**DATA FOR PROCESSING**
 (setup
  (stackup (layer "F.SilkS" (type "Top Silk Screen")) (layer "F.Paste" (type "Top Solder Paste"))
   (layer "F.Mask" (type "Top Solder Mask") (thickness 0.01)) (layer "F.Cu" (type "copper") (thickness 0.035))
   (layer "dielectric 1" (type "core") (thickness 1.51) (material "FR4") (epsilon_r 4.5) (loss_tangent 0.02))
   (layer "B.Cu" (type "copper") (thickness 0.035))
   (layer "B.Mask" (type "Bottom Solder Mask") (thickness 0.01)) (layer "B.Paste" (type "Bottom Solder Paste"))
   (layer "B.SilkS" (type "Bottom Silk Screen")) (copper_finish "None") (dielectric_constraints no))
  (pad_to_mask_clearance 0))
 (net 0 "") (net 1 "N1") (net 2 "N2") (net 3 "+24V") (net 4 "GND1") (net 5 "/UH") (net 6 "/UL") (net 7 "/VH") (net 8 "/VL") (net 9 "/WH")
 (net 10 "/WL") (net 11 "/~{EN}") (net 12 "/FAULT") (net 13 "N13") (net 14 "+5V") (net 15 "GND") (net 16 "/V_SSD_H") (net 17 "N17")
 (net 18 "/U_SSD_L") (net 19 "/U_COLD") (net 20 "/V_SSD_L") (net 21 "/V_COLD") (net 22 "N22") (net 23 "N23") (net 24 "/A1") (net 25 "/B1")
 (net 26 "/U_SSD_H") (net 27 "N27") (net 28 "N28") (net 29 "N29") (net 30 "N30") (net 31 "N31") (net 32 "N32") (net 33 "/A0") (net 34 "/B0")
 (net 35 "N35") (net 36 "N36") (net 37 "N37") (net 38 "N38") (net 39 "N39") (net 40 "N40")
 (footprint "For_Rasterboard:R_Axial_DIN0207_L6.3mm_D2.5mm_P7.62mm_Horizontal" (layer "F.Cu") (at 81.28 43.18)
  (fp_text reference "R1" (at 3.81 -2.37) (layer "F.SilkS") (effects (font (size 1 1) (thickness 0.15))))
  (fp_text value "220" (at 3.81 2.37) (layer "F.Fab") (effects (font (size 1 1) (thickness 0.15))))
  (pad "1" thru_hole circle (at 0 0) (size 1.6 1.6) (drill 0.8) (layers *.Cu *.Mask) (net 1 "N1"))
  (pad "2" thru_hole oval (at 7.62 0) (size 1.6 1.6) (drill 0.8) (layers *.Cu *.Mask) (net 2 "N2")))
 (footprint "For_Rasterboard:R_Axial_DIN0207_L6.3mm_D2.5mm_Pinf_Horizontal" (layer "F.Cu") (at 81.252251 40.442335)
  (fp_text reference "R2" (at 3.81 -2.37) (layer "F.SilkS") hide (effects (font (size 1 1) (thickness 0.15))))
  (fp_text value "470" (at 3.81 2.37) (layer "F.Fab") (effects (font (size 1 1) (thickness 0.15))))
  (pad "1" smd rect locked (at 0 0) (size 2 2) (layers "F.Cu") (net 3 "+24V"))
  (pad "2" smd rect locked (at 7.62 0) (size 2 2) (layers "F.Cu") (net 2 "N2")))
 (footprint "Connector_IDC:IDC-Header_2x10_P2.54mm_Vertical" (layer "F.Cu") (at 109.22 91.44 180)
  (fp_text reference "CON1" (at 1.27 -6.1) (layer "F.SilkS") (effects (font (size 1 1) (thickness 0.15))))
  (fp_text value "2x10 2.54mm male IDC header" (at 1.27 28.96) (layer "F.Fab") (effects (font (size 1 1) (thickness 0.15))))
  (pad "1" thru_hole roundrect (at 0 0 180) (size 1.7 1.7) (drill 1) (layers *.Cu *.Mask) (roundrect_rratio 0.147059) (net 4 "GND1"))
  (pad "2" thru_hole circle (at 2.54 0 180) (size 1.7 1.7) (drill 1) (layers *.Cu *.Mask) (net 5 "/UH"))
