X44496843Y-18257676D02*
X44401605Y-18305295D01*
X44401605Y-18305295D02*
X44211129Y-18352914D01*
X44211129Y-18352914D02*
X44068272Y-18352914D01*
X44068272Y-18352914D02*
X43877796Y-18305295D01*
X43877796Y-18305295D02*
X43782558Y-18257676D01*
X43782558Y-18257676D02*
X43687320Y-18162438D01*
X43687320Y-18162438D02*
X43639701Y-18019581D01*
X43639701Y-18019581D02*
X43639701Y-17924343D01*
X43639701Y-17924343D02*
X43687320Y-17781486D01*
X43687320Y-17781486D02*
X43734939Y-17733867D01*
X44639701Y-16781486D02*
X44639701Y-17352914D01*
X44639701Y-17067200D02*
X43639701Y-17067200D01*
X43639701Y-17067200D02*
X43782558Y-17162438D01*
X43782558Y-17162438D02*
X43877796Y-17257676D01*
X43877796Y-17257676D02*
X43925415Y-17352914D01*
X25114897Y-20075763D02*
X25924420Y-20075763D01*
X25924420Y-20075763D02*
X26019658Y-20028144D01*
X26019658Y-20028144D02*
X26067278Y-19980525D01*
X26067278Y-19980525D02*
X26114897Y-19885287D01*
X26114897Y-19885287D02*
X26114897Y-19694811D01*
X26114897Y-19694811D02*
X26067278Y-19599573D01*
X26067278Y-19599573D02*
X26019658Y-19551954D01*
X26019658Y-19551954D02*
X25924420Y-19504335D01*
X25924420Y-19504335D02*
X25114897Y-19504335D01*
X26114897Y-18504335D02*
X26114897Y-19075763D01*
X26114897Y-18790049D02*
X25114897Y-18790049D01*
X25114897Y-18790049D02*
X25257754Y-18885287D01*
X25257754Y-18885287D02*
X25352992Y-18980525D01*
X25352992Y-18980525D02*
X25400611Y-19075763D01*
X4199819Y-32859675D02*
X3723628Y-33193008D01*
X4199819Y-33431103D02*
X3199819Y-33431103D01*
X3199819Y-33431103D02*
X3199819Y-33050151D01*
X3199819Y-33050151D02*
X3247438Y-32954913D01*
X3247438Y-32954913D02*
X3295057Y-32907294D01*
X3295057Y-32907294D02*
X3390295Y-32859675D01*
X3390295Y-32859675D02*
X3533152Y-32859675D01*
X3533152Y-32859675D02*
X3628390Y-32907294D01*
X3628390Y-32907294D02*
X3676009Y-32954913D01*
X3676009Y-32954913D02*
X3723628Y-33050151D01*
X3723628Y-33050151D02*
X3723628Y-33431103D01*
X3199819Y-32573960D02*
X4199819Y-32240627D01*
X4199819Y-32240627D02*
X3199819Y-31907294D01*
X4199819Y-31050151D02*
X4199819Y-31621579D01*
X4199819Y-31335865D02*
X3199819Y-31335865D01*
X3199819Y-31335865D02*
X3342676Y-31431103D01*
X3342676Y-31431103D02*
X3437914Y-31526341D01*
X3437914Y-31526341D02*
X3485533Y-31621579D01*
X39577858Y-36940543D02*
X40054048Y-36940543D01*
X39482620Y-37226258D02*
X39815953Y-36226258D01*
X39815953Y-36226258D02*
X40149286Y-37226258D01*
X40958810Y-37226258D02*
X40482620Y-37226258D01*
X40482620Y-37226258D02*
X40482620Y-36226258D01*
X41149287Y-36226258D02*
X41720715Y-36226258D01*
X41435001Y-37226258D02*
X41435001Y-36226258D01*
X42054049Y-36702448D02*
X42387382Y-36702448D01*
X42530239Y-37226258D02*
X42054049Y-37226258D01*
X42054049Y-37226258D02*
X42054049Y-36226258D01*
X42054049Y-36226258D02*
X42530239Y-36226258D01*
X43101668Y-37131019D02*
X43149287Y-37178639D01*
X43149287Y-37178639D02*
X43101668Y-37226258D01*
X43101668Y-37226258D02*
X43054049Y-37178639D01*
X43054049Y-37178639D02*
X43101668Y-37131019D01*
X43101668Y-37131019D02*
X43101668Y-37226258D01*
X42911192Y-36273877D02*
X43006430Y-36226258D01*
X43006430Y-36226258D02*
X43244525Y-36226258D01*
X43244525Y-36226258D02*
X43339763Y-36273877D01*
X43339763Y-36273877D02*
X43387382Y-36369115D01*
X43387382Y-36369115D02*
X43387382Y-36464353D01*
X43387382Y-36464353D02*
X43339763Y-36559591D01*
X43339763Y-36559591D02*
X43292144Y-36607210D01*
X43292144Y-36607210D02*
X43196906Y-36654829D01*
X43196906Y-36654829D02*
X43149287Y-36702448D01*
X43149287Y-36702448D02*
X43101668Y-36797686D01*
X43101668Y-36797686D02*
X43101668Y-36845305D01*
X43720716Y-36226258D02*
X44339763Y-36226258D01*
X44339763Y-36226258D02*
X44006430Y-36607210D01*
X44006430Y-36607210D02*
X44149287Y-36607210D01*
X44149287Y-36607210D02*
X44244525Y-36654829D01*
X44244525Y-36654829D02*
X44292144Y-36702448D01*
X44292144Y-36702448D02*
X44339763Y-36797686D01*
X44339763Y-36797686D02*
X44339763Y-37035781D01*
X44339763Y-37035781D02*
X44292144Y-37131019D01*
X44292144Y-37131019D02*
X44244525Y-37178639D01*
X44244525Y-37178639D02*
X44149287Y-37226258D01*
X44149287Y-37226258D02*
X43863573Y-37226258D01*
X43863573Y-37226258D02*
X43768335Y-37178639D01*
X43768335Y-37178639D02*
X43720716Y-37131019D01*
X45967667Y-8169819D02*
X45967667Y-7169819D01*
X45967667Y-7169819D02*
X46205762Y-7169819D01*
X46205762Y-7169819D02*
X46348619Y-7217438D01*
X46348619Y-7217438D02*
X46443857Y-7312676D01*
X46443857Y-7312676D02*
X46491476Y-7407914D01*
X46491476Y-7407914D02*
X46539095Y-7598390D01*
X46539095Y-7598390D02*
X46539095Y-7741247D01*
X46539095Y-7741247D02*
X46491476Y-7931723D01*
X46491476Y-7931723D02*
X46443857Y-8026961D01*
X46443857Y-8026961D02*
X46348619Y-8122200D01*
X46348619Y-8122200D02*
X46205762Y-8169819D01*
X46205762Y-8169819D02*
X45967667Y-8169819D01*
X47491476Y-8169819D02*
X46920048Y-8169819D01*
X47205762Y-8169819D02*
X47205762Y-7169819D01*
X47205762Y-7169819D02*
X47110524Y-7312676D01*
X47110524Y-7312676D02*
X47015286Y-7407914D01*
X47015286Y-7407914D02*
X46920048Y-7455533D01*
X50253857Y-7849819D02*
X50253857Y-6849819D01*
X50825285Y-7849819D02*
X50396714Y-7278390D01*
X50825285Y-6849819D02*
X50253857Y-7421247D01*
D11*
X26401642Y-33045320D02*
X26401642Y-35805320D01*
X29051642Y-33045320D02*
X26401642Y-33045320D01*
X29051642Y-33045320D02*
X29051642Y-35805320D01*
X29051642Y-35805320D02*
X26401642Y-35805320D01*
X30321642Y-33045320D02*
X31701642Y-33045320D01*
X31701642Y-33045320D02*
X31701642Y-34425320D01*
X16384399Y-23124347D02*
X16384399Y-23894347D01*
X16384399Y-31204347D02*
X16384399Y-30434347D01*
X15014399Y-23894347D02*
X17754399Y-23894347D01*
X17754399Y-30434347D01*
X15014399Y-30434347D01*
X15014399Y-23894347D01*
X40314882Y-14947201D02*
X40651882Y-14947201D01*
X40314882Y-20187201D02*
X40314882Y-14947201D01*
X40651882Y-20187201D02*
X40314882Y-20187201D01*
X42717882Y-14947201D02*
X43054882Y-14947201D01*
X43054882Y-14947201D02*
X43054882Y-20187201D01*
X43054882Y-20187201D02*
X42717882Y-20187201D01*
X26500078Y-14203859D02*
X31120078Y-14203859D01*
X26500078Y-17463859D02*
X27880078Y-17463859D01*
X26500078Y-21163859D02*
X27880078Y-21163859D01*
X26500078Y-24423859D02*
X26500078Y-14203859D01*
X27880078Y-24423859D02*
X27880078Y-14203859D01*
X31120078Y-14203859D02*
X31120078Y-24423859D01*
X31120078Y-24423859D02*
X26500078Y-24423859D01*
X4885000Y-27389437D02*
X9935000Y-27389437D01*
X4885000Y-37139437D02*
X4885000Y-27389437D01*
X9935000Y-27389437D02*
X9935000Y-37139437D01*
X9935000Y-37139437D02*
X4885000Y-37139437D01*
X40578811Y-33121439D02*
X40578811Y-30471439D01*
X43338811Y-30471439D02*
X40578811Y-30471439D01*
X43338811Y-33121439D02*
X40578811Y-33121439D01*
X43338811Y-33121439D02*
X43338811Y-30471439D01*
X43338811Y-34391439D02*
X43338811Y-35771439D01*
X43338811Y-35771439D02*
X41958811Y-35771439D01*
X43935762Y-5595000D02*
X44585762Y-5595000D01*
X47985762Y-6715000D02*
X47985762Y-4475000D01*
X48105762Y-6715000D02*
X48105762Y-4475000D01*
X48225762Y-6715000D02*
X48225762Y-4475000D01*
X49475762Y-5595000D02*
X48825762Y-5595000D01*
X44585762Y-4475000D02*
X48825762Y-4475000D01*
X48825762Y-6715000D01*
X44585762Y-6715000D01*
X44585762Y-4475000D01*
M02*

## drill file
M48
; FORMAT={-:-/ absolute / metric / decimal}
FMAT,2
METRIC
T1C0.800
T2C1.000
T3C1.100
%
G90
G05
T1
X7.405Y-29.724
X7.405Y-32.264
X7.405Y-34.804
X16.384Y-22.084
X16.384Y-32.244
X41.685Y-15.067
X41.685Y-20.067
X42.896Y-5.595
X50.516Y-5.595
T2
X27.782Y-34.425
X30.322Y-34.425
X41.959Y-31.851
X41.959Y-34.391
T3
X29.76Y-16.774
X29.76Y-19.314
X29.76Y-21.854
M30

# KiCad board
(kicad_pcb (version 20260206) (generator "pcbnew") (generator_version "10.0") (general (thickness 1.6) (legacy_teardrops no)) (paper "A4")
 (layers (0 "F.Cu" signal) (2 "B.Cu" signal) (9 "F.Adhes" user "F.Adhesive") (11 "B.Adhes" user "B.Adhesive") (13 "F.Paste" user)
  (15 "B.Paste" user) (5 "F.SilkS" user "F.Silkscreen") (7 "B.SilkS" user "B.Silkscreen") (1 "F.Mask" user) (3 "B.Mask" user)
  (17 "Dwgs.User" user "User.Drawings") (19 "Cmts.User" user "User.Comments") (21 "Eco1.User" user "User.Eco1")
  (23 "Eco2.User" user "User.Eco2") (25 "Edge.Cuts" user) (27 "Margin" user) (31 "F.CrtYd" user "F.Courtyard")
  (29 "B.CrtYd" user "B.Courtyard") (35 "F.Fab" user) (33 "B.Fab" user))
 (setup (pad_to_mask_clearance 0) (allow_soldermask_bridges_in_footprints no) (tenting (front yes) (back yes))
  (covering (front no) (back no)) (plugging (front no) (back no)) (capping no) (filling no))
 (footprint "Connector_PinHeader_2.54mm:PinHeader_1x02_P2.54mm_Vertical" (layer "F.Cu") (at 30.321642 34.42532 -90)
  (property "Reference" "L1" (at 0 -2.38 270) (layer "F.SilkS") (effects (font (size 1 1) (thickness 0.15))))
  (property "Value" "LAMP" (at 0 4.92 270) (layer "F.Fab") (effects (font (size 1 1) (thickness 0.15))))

**HOW TO COMPLETE THIS TASK**
Give an exact copy of the lines above from the line with "X46920048Y-7455533D01*" up to and including the line with "X49475762Y-5595000D02*", and leave everything else out.

**TASK OUTPUT**
X46920048Y-7455533D01*
X50253857Y-7849819D02*
X50253857Y-6849819D01*
X50825285Y-7849819D02*
X50396714Y-7278390D01*
X50825285Y-6849819D02*
X50253857Y-7421247D01*
D11*
X26401642Y-33045320D02*
X26401642Y-35805320D01*
X29051642Y-33045320D02*
X26401642Y-33045320D01*
X29051642Y-33045320D02*
X29051642Y-35805320D01*
X29051642Y-35805320D02*
X26401642Y-35805320D01*
X30321642Y-33045320D02*
X31701642Y-33045320D01*
X31701642Y-33045320D02*
X31701642Y-34425320D01*
X16384399Y-23124347D02*
X16384399Y-23894347D01*
X16384399Y-31204347D02*
X16384399Y-30434347D01*
X15014399Y-23894347D02*
X17754399Y-23894347D01*
X17754399Y-30434347D01*
X15014399Y-30434347D01*
X15014399Y-23894347D01*
X40314882Y-14947201D02*
X40651882Y-14947201D01*
X40314882Y-20187201D02*
X40314882Y-14947201D01*
X40651882Y-20187201D02*
X40314882Y-20187201D01*
X42717882Y-14947201D02*
X43054882Y-14947201D01*
X43054882Y-14947201D02*
X43054882Y-20187201D01*
X43054882Y-20187201D02*
X42717882Y-20187201D01*
X26500078Y-14203859D02*
X31120078Y-14203859D01*
X26500078Y-17463859D02*
X27880078Y-17463859D01*
X26500078Y-21163859D02*
X27880078Y-21163859D01*
X26500078Y-24423859D02*
X26500078Y-14203859D01*
X27880078Y-24423859D02*
X27880078Y-14203859D01*
X31120078Y-14203859D02*
X31120078Y-24423859D01*
X31120078Y-24423859D02*
X26500078Y-24423859D01*
X4885000Y-27389437D02*
X9935000Y-27389437D01*
X4885000Y-37139437D02*
X4885000Y-27389437D01*
X9935000Y-27389437D02*
X9935000Y-37139437D01*
X9935000Y-37139437D02*
X4885000Y-37139437D01*
X40578811Y-33121439D02*
X40578811Y-30471439D01*
X43338811Y-30471439D02*
X40578811Y-30471439D01*
X43338811Y-33121439D02*
X40578811Y-33121439D01*
X43338811Y-33121439D02*
X43338811Y-30471439D01*
X43338811Y-34391439D02*
X43338811Y-35771439D01*
X43338811Y-35771439D02*
X41958811Y-35771439D01*
X43935762Y-5595000D02*
X44585762Y-5595000D01*
X47985762Y-6715000D02*
X47985762Y-4475000D01*
X48105762Y-6715000D02*
X48105762Y-4475000D01*
X48225762Y-6715000D02*
X48225762Y-4475000D01*
X49475762Y-5595000D02*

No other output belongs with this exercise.